TIME-DOMAIN INVERSE SCATTERING OF A TWO-DIMENSIONAL METALLIC CYLINDER IN SLAB MEDIUM USING ASYNCHRONOUS PARTICLE SWARM OPTIMIZATION

This paper presents asynchronous particle swarm optimization (APSO) applied to the time-domain inverse scattering problems of two-dimensional metallic cylinder buried in slab medium. For this study the finite-difference time-domain (FDTD) is employed for the analysis of the forward scattering part, while for the APSO is applied for the reconstruction of the two-dimensional metallic cylinder buried in slab medium, which includes of the location and shape the metallic cylinder. For the forward scattering, conceptually several electromagnetic pulses are launched to illuminate the unknown scatterers, and then the scattered electromagnetic fields around are measured.
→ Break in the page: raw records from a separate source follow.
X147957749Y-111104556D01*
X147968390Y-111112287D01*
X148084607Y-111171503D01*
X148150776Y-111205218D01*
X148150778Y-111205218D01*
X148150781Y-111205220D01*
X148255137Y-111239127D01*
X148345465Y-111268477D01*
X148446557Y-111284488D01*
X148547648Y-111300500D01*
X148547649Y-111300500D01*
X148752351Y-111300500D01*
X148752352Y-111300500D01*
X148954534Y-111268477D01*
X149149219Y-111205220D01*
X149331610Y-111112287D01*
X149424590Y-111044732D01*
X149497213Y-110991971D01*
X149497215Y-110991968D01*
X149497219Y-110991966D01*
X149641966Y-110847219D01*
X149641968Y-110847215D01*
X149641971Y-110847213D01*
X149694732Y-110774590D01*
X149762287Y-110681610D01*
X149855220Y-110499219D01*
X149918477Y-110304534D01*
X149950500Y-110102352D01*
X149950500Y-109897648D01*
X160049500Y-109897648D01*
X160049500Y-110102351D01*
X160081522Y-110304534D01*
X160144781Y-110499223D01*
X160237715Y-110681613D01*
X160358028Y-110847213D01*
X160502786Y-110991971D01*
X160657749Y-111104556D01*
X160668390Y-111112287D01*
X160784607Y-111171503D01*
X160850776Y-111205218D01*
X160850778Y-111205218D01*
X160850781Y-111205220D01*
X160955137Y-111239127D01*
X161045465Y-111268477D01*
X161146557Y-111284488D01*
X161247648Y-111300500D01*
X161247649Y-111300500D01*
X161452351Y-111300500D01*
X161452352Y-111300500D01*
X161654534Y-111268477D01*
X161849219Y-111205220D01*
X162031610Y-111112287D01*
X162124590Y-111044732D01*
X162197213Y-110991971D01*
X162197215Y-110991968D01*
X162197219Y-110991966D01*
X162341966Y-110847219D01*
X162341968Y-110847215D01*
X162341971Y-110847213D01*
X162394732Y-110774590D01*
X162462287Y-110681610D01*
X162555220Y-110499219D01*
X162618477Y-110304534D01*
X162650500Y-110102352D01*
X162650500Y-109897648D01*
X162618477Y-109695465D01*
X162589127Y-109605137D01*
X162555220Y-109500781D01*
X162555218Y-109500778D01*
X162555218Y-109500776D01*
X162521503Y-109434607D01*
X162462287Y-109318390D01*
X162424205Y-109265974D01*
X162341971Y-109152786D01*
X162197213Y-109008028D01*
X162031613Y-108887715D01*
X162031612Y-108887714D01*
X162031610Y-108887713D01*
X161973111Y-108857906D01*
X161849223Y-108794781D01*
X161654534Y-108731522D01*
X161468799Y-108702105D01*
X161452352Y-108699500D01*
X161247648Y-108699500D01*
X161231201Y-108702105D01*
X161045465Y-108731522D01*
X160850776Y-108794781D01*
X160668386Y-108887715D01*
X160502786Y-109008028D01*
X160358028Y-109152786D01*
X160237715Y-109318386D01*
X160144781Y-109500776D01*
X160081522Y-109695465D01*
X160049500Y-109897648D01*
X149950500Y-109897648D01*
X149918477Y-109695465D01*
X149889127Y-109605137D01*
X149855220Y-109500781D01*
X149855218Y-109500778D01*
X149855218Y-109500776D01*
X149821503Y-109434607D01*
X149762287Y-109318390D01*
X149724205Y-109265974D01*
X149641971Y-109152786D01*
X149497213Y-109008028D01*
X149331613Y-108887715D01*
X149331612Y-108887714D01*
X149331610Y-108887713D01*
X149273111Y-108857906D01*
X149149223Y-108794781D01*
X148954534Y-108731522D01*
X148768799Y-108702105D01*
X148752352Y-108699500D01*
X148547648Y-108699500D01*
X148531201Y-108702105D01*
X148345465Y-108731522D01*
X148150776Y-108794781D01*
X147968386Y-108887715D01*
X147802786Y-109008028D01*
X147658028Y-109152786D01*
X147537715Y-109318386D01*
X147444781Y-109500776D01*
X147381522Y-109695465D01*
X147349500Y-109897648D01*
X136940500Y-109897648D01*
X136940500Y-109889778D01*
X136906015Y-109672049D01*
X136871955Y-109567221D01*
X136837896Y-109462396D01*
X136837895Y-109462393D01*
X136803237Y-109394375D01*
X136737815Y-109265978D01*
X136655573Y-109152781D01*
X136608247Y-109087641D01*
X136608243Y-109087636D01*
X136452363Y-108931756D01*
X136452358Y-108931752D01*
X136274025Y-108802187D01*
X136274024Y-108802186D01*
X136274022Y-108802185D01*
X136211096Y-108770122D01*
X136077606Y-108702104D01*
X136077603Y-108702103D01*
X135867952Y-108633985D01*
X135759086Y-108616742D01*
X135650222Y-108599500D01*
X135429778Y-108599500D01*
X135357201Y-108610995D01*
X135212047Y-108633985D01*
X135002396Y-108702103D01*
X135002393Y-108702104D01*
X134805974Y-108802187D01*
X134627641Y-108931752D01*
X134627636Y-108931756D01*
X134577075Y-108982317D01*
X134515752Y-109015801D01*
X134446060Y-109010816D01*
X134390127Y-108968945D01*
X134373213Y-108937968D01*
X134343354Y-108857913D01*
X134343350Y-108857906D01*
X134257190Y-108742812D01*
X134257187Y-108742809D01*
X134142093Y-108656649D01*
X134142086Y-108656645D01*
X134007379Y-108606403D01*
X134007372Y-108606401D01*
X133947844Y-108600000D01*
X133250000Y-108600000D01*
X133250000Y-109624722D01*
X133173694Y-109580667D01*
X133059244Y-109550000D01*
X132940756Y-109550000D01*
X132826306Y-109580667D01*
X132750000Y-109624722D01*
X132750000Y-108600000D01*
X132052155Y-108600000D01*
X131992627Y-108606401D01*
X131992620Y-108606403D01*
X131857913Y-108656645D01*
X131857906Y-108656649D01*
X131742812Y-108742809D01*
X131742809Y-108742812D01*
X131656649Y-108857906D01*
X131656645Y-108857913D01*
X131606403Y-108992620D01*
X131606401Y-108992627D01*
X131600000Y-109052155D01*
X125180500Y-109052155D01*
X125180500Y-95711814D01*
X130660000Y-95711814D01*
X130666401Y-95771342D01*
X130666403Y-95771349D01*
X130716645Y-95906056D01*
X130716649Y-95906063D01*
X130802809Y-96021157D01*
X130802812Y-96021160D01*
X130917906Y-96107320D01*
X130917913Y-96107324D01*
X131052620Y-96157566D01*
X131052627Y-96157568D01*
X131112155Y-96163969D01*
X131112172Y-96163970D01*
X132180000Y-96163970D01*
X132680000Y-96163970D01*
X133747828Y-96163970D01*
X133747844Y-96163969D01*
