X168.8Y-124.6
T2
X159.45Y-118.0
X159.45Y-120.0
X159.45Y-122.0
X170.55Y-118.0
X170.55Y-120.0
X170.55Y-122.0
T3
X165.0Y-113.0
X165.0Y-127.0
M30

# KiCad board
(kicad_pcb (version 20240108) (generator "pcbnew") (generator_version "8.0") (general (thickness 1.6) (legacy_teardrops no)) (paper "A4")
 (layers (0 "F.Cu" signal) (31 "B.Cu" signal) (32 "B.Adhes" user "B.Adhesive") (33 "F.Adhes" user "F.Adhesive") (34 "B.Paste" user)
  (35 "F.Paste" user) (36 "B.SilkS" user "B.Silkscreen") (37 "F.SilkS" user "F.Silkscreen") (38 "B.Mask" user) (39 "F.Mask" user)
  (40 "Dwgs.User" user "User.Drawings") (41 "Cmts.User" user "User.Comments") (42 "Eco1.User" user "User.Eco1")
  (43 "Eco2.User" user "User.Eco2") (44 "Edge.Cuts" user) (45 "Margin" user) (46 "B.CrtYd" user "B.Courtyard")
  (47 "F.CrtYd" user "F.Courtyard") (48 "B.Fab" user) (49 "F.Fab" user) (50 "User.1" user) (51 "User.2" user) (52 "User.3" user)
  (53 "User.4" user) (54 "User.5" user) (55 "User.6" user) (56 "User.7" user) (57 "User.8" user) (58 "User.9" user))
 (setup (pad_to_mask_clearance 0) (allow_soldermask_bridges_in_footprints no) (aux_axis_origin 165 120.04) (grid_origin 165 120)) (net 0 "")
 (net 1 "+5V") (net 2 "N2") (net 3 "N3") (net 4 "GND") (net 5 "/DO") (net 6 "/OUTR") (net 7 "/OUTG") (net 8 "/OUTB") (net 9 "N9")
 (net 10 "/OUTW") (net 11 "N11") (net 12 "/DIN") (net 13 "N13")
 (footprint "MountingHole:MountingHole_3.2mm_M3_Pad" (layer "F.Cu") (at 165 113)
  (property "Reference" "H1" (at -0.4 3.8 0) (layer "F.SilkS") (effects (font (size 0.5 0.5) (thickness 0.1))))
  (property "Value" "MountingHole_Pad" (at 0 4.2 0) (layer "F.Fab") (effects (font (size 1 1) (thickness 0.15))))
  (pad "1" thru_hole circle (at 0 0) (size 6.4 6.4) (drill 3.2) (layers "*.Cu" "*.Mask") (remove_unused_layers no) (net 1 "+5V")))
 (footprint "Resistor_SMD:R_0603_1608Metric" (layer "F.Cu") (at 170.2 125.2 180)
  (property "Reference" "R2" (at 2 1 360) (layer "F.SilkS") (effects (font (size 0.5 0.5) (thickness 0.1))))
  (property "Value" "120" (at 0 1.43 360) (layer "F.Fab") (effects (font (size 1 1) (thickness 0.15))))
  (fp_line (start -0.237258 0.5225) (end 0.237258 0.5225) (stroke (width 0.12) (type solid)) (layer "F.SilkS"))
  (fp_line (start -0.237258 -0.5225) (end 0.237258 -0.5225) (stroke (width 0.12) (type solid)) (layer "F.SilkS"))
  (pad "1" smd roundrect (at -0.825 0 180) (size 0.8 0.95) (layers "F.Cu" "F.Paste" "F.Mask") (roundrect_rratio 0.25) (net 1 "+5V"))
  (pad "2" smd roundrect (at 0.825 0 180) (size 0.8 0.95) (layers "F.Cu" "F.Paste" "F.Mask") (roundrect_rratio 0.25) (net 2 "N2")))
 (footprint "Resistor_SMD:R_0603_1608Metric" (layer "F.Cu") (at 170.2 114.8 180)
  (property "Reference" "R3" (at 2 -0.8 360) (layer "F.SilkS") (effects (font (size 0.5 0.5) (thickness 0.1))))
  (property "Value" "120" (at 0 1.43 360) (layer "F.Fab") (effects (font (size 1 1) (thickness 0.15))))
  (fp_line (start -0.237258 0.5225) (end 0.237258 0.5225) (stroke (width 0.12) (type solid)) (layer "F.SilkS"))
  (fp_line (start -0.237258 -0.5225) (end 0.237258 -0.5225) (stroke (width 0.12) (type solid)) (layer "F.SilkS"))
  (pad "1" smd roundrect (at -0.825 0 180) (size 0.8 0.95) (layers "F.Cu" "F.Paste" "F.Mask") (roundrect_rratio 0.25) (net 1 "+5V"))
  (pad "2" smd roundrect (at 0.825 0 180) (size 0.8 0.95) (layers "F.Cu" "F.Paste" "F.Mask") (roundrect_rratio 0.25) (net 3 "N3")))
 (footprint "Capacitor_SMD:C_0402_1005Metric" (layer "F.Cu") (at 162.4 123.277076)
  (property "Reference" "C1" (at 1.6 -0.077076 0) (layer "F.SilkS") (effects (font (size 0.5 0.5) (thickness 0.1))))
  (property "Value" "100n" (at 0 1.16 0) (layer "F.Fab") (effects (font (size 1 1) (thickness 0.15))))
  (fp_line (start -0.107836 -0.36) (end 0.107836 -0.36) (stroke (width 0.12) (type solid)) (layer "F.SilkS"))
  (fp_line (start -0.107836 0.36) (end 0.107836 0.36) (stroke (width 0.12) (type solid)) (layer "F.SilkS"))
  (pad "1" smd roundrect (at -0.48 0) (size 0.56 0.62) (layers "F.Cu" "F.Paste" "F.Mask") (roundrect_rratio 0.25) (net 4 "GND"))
In order to efficiently describe the details of the cylinder shape, sub-gridding technique is implemented in the finite difference time domain method. Then, the simulated EM fields are used for inverse scattering, in which APSO is employed to transform the inverse scattering problem into optimization problem. By comparing the simulated scattered fields and the calculated scattered fields, the shape and location of the metallic cylinder are reconstructed. In addition, the effects of Gaussian noises on imaging reconstruction are also investigated.